Pylon Sizes, Insulating a Pole Barn, and Plastic for Drainage

This week the Pole Barn Guru answers reader questions about concrete pylon sizes, how to best finish and insulate an existing structure, and the best plastic for drainage.

DEAR POLE BARN GURU: What size do the concrete pylons need to be for a 24×36 building with an 11’ roof peak to be used for storage. No footer, just the basic building with 6”x6” posts. JAMES in VERSAILLES

DEAR JAMES: This information should have been clearly indicated on engineer sealed plans you are using for construction. Actual required depth, diameter and amount of concrete required to prevent settling, uplift and overturning is carefully calculated by your building’s engineer, once all factors can be considered. These include, but are not limited to: soil strength at your site, building wall height, roof slope, weight of building itself, snow load, wind speed and wind exposure, seismic considerations, whether building is fully or partially enclosed or is ‘open’, as well as spacing of columns. In most cases, I would expect to see an engineered design of roughly 40 inches in depth, 18 inches in diameter, with a minimum of 18 inches depth of concrete in bottom of hole (a bottom collar) and base of column held up eight inches from bottom of hole. A steel uplift plate is typically placed on columns in concreted area to prevent uplift. All of these factors as well as typical suggestions above should be fully reviewed and sealed by your building’s engineer prior to your moving forward.

 

DEAR POLE BARN GURU: I’ve been reading through Mike’s information regarding post frame construction.

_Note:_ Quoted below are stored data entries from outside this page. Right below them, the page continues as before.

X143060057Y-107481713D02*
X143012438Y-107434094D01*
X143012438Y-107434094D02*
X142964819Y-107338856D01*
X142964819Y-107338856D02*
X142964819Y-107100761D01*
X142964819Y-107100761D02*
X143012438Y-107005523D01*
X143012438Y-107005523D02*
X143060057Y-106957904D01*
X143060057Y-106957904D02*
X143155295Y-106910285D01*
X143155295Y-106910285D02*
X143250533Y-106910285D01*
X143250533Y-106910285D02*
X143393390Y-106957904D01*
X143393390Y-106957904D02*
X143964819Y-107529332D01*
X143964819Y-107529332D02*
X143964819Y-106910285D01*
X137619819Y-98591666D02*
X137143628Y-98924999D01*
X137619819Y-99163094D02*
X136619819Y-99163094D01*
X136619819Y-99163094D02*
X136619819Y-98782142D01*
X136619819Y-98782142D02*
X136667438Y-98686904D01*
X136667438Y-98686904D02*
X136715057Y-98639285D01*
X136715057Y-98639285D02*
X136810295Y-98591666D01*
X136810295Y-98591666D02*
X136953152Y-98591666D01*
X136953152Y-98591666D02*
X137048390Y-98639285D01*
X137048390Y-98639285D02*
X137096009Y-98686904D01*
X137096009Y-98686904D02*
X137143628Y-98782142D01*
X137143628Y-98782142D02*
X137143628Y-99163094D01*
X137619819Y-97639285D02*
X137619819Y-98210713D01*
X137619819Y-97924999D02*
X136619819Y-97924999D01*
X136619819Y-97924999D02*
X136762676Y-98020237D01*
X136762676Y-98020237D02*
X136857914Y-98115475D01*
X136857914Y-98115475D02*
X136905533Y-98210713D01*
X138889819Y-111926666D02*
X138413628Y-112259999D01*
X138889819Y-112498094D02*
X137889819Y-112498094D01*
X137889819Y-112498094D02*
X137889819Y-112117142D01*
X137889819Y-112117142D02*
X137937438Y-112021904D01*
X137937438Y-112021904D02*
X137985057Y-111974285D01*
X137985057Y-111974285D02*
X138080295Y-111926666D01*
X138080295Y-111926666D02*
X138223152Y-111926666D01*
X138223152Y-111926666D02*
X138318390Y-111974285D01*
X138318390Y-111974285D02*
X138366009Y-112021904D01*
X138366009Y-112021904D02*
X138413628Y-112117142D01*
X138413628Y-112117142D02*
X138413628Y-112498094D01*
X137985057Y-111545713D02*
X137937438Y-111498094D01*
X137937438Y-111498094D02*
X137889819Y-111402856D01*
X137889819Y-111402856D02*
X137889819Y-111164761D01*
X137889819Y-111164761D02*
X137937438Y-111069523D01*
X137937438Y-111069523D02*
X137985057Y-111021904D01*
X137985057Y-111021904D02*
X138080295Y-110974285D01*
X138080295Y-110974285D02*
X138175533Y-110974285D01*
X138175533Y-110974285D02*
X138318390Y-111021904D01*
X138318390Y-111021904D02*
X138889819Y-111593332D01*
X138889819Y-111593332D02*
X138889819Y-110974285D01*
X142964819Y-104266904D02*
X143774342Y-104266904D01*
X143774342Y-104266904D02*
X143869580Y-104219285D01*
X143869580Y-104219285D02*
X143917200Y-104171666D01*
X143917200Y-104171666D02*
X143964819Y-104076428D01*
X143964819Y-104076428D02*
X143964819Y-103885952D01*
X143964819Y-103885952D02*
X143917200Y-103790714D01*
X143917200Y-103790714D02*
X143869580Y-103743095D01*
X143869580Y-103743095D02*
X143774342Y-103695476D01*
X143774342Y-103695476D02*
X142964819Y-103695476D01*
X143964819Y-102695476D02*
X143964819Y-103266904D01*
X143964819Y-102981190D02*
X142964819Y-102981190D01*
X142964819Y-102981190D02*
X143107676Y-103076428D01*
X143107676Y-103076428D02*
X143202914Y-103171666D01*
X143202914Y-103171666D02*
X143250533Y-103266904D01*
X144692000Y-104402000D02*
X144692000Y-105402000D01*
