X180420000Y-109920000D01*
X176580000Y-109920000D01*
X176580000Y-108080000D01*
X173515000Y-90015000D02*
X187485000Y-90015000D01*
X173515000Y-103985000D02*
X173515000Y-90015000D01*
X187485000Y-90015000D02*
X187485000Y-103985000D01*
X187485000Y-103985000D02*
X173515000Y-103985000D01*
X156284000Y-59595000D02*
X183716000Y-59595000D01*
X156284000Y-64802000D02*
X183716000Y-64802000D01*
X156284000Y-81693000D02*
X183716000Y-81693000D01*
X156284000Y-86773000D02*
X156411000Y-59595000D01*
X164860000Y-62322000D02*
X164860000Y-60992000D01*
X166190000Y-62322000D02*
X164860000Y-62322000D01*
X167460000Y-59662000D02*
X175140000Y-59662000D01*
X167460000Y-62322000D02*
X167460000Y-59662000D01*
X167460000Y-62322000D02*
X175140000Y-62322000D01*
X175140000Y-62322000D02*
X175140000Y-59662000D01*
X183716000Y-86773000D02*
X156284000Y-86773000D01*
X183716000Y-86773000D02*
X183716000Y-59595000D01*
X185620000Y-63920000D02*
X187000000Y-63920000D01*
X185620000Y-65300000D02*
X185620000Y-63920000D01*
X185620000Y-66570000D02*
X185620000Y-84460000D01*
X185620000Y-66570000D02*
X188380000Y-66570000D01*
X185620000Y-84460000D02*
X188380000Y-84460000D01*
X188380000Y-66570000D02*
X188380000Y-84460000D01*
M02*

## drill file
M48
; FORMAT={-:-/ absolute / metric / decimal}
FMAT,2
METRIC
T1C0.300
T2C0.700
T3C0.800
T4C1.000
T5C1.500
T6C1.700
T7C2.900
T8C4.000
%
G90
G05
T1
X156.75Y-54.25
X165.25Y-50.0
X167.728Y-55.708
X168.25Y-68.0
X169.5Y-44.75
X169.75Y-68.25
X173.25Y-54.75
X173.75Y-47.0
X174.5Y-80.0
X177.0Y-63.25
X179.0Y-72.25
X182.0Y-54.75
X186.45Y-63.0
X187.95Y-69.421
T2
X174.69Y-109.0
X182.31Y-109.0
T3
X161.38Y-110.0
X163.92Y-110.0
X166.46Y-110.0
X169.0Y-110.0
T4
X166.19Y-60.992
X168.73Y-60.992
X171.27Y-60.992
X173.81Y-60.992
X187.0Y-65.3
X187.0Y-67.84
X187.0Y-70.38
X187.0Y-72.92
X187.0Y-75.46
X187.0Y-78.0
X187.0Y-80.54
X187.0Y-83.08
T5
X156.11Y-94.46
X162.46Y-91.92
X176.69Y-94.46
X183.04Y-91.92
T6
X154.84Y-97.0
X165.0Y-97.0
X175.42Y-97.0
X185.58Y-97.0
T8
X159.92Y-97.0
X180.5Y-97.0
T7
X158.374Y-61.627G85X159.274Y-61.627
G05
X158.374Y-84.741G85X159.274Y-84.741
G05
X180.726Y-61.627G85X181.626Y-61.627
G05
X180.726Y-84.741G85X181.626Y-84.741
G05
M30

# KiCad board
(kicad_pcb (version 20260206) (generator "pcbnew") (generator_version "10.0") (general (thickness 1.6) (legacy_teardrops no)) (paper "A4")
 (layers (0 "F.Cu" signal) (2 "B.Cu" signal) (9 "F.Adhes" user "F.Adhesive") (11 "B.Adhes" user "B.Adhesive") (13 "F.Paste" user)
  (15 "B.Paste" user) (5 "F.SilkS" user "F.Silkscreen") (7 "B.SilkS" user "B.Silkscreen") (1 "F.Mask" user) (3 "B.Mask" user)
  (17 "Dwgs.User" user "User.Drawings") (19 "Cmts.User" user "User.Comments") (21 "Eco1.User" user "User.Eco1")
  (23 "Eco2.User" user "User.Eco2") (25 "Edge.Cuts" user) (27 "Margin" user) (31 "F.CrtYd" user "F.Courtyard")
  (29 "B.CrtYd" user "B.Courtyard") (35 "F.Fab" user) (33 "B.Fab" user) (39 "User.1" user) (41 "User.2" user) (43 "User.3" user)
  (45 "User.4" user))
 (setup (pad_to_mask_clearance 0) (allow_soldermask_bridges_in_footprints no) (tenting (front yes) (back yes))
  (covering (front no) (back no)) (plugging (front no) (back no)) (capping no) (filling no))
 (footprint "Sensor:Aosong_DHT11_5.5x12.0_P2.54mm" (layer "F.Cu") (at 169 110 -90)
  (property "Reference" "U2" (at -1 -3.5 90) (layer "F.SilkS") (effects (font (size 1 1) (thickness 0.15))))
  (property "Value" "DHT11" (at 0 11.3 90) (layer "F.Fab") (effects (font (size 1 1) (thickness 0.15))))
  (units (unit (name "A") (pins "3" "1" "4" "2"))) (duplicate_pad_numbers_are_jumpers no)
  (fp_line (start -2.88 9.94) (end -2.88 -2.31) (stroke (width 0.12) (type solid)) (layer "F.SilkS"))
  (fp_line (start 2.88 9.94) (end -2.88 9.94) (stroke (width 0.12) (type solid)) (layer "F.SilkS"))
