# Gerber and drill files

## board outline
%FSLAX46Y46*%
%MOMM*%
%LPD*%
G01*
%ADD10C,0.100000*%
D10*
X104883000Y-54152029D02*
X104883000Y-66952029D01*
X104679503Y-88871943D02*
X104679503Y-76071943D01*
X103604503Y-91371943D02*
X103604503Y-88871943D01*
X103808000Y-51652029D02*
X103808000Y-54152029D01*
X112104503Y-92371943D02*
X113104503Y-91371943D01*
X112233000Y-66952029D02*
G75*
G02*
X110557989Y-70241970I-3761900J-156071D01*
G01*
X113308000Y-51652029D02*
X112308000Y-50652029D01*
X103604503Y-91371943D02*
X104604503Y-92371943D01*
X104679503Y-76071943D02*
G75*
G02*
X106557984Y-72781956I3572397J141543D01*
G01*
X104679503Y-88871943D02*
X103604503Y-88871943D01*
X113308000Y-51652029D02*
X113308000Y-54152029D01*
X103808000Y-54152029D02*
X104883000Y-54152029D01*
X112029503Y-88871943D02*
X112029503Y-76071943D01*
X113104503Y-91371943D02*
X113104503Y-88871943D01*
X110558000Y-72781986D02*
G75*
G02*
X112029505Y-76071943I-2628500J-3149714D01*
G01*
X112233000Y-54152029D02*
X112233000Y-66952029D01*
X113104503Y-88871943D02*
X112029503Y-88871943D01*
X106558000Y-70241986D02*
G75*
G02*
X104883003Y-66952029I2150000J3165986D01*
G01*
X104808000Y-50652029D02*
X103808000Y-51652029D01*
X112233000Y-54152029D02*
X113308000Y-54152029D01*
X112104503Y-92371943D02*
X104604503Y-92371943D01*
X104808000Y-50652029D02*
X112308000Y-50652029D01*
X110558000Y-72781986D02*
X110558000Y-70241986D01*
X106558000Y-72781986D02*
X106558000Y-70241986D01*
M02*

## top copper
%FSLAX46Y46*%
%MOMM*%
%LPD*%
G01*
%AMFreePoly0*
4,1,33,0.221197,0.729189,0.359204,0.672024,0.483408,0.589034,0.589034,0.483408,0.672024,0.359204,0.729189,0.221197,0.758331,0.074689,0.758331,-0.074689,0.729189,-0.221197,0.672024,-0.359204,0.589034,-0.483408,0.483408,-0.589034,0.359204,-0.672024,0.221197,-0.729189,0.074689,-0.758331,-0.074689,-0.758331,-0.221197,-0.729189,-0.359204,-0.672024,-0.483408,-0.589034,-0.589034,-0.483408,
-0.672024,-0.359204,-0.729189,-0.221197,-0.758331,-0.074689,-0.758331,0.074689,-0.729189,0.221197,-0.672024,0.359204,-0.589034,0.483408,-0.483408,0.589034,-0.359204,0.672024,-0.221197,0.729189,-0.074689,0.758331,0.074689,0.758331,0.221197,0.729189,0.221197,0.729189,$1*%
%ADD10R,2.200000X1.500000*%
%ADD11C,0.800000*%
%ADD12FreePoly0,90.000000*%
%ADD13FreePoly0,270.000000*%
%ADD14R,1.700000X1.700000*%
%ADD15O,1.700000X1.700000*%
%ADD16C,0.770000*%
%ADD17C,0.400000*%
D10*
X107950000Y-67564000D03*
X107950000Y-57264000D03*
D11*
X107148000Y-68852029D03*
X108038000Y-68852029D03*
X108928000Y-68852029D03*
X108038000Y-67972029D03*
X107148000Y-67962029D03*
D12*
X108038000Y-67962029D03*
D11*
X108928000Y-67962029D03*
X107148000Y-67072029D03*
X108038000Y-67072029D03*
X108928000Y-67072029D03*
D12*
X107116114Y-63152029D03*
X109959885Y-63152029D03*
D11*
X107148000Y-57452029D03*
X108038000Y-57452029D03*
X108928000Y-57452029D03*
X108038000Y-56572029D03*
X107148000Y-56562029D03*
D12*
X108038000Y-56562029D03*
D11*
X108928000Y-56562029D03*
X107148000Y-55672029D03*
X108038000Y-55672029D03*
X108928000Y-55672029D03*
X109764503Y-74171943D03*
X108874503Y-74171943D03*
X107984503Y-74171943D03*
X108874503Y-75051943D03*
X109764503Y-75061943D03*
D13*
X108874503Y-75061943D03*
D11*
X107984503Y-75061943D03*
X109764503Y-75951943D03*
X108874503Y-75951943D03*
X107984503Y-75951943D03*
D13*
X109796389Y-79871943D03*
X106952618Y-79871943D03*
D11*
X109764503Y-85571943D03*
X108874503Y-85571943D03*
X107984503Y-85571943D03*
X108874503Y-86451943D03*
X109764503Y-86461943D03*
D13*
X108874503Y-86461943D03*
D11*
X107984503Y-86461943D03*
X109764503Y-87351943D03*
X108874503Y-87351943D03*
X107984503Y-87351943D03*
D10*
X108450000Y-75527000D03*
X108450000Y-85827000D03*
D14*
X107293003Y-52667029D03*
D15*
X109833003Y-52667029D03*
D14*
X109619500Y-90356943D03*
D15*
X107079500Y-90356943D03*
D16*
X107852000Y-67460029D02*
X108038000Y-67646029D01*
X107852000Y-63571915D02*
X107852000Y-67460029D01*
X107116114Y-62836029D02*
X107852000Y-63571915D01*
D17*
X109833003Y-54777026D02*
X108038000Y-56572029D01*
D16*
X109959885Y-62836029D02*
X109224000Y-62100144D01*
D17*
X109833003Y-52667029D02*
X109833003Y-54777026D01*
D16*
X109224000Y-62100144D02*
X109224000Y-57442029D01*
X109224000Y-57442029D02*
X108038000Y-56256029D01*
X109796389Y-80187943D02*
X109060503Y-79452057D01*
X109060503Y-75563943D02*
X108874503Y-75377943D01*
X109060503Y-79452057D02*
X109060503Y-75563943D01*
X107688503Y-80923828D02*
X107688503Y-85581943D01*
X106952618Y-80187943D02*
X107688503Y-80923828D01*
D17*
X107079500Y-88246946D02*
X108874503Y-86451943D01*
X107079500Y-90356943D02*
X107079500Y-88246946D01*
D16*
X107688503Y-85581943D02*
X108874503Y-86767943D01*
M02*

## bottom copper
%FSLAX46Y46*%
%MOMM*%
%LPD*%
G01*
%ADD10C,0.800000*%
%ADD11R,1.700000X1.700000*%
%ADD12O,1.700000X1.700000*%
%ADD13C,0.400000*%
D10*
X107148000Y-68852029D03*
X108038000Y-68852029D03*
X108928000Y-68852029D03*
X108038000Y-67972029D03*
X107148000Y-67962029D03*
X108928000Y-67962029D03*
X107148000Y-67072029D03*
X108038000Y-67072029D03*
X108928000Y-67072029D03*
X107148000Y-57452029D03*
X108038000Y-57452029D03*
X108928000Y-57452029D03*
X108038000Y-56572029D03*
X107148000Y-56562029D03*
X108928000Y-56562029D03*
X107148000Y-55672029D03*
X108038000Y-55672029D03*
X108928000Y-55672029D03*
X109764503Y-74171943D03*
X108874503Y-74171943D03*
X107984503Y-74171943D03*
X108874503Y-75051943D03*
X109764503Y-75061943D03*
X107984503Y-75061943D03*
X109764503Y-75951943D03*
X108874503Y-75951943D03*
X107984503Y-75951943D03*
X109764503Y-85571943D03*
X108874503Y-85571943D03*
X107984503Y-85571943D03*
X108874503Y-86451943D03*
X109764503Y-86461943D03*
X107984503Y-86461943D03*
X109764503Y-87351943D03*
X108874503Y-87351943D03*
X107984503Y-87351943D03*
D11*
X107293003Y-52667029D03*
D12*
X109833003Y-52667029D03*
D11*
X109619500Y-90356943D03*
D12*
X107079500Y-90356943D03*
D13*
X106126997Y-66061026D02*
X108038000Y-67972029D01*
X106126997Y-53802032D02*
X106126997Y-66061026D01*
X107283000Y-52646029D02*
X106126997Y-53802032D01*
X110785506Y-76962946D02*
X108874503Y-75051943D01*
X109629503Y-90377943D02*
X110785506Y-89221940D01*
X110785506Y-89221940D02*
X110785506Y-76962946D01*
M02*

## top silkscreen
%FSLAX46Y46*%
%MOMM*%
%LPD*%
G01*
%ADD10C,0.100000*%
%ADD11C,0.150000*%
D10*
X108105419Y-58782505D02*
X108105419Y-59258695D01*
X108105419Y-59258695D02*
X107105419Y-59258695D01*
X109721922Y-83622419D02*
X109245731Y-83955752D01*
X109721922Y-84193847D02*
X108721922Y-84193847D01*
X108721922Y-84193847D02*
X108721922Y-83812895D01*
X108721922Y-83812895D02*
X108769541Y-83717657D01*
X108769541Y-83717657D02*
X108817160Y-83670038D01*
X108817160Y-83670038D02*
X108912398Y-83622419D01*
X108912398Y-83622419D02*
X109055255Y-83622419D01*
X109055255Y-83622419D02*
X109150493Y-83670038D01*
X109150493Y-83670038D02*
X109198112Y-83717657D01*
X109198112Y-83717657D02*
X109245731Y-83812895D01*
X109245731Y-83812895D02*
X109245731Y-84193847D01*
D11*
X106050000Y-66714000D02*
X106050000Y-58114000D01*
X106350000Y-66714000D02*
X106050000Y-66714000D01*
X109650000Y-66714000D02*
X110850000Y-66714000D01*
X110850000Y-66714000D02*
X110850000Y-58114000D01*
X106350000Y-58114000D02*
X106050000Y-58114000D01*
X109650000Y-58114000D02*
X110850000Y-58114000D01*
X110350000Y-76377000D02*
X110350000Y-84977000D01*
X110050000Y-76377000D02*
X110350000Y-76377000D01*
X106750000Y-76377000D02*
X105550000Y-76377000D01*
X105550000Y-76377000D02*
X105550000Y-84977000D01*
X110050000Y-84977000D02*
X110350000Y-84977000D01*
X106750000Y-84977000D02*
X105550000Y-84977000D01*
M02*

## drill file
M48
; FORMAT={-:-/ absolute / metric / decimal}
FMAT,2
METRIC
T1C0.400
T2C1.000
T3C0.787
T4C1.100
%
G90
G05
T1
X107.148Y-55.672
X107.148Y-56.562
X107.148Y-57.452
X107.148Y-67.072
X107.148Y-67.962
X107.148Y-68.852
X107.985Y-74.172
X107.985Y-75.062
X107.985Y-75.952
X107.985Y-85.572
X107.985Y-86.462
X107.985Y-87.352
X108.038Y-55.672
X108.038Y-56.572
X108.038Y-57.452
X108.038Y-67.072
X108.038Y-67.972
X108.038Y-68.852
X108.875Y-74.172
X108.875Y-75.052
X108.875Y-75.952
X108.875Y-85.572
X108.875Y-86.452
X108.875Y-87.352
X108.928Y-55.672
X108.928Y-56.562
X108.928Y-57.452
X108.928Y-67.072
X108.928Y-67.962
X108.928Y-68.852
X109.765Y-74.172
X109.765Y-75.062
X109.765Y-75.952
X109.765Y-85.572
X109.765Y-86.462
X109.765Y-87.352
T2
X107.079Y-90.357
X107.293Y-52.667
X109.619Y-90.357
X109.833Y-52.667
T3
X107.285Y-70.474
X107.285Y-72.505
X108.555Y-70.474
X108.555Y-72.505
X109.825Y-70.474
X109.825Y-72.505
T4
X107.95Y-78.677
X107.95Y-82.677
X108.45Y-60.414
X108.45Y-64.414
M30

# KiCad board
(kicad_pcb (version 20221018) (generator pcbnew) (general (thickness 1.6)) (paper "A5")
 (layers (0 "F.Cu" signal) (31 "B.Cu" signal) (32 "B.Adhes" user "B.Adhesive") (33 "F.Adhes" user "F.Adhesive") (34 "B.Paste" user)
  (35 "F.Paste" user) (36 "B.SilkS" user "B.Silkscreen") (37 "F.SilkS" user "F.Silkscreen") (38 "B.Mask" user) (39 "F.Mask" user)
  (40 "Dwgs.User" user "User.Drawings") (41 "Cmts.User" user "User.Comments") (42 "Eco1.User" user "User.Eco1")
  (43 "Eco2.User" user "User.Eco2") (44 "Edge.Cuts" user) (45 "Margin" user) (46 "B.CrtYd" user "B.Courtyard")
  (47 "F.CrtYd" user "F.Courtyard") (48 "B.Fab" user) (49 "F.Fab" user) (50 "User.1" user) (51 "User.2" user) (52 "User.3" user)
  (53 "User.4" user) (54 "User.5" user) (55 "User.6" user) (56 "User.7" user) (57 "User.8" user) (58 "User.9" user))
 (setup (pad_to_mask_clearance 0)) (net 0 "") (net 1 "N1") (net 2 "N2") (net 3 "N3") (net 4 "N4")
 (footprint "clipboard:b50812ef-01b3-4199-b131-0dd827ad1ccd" (layer "F.Cu") (at 110.95 68.339 90)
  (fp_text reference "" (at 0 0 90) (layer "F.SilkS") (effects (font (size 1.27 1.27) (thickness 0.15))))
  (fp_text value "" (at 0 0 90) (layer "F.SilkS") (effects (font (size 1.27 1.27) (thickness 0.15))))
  (fp_line (start 1.625 -4.9) (end 10.225 -4.9) (stroke (width 0.15) (type solid)) (layer "F.SilkS"))
  (fp_line (start 1.625 -4.6) (end 1.625 -4.9) (stroke (width 0.15) (type solid)) (layer "F.SilkS"))
  (fp_line (start 1.625 -1.3) (end 1.625 -0.1) (stroke (width 0.15) (type solid)) (layer "F.SilkS"))
  (fp_line (start 1.625 -0.1) (end 10.225 -0.1) (stroke (width 0.15) (type solid)) (layer "F.SilkS"))
  (fp_line (start 10.225 -4.6) (end 10.225 -4.9) (stroke (width 0.15) (type solid)) (layer "F.SilkS"))
  (fp_line (start 10.225 -1.3) (end 10.225 -0.1) (stroke (width 0.15) (type solid)) (layer "F.SilkS"))
  (pad "" np_thru_hole circle (at 3.925 -2.5 90) (size 1.1 1.1) (drill 1.1) (layers "F&B.Cu" "*.Mask"))
  (pad "" np_thru_hole circle (at 7.925 -2.5 90) (size 1.1 1.1) (drill 1.1) (layers "F&B.Cu" "*.Mask"))
  (pad "1" smd rect (at 0.775 -3 90) (size 1.5 2.2) (layers "F.Cu" "F.Paste" "F.Mask"))
  (pad "2" smd rect (at 11.075 -3 90) (size 1.5 2.2) (layers "F.Cu" "F.Paste" "F.Mask")))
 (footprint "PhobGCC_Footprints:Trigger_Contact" (layer "F.Cu") (at 108.538 63.152029 90)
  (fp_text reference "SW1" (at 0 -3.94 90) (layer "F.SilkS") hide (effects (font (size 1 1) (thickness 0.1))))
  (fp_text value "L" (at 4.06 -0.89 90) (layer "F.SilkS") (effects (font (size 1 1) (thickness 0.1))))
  (pad "1" thru_hole circle (at -5.7 -1.39 90) (size 0.8 0.8) (drill 0.4) (layers "*.Cu" "*.Mask") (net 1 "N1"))
  (pad "1" thru_hole circle (at -5.7 -0.5 90) (size 0.8 0.8) (drill 0.4) (layers "*.Cu" "*.Mask") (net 1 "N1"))
  (pad "1" thru_hole circle (at -5.7 0.39 90) (size 0.8 0.8) (drill 0.4) (layers "*.Cu" "*.Mask") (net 1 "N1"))
  (pad "1" thru_hole circle (at -4.82 -0.5 90) (size 0.8 0.8) (drill 0.4) (layers "*.Cu" "*.Mask") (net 1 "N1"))
  (pad "1" thru_hole circle (at -4.81 -1.39 90) (size 0.8 0.8) (drill 0.4) (layers "*.Cu" "*.Mask") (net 1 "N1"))
  (pad "1" smd custom (at -4.81 -0.5 90) (size 1.524 1.524) (layers "F.Cu" "F.Paste" "F.Mask") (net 1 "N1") (thermal_bridge_angle 45)
   (options (clearance outline) (anchor circle)) (primitives))
  (pad "1" thru_hole circle (at -4.81 0.39 90) (size 0.8 0.8) (drill 0.4) (layers "*.Cu" "*.Mask") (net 1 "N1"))
  (pad "1" thru_hole circle (at -3.92 -1.39 90) (size 0.8 0.8) (drill 0.4) (layers "*.Cu" "*.Mask") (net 1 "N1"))
  (pad "1" thru_hole circle (at -3.92 -0.5 90) (size 0.8 0.8) (drill 0.4) (layers "*.Cu" "*.Mask") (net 1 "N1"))
  (pad "1" thru_hole circle (at -3.92 0.39 90) (size 0.8 0.8) (drill 0.4) (layers "*.Cu" "*.Mask") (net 1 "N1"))
  (pad "1" smd custom (at 0 -1.421886 90) (size 1.524 1.524) (layers "F.Cu" "F.Paste" "F.Mask") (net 1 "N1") (thermal_bridge_angle 45)
   (options (clearance outline) (anchor circle)) (primitives))
  (pad "2" smd custom (at 0 1.421885 90) (size 1.524 1.524) (layers "F.Cu" "F.Paste" "F.Mask") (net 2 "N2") (thermal_bridge_angle 45)
   (options (clearance outline) (anchor circle)) (primitives))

My wife and I moved into my parent’s old house, and would like to finish the inside of the pole barn that my father built 4 years ago. The trusses have a BCLL of 10 lbs. There’s single bubble between the purlins and metal, so the underside of the roof is always dry. We’d like to insulate the barn, but there is no housewrap (Tyvek) on the walls. My wife works and I’m disabled, so we don’t have very much extra money to spend. I’m physically not able to remove the metal on the walls and install housewrap. We can’t afford to hire someone to do this. We also can’t afford to have an insulation company spray foam the walls which would solve our problem. My father left about 60 new sheets of EPS foam board, and 50 – 60 new rolls of unfaced fiberglass insulation in the barn. Instead of taking the metal off the walls, would it be possible to wrap the interior of the walls in housewrap? It would be on the inside of the wall girts and wrap around the inside of the post. Would this prevent condensation from forming in the walls? Would it do any good to cut the EPS foam board and put it between the wall girts and fill all the edges of the EPS board with spray foam? I’m trying to come up with a practical solution to the problem, and was hoping Mike could help. I don’t want to ruin the fiberglass insulation, or the EPS foam board. I read one of Mike’s post about his wife being in a motorcycle accident and is now a paraplegic. I was driving home from work 19 years ago, and a big truck hit my car in the driver’s door. I was lucky to survive and was in a wheelchair for over 10 years. I still have the desire to do stuff out in the garage, but am very limited to what I can actually do. You never know what your future holds. Let me know if Mike has any possible solutions. I would appreciate it. GREG

DEAR GREG: Thank you very much for being a loyal reader.

Best possible solution would be to resell the EPS and the fiberglass and put those funds towards two inches of closed cell spray foam.

Trying to cut foam board and completely air seal it would be lots of labor and impossible to achieve. A Weather Resistant Barrier (Tyvek or similar) on the inside of the wall would either trap moisture in the wall or have it passing through into your interior without solving condensation against your wall steel. Chances are you would end up with some damp fiberglass over time.

 

DEAR POLE BARN GURU: I am considering using 6 mil plastic sheeting about 5 feet wide from the bottom of the outside wall to drain any rainwater away from the building.  Do you know of any issues this might present? RON in WINSTON

DEAR RON: If I was going to do this I would use 15mil black plastic as 6mil will just not hold up over time. I would seal it to my building’s pressure preservative treated splash plank and make sure to have ground sloping away from my building beneath plastic minimum of 5% (three inches in five feet).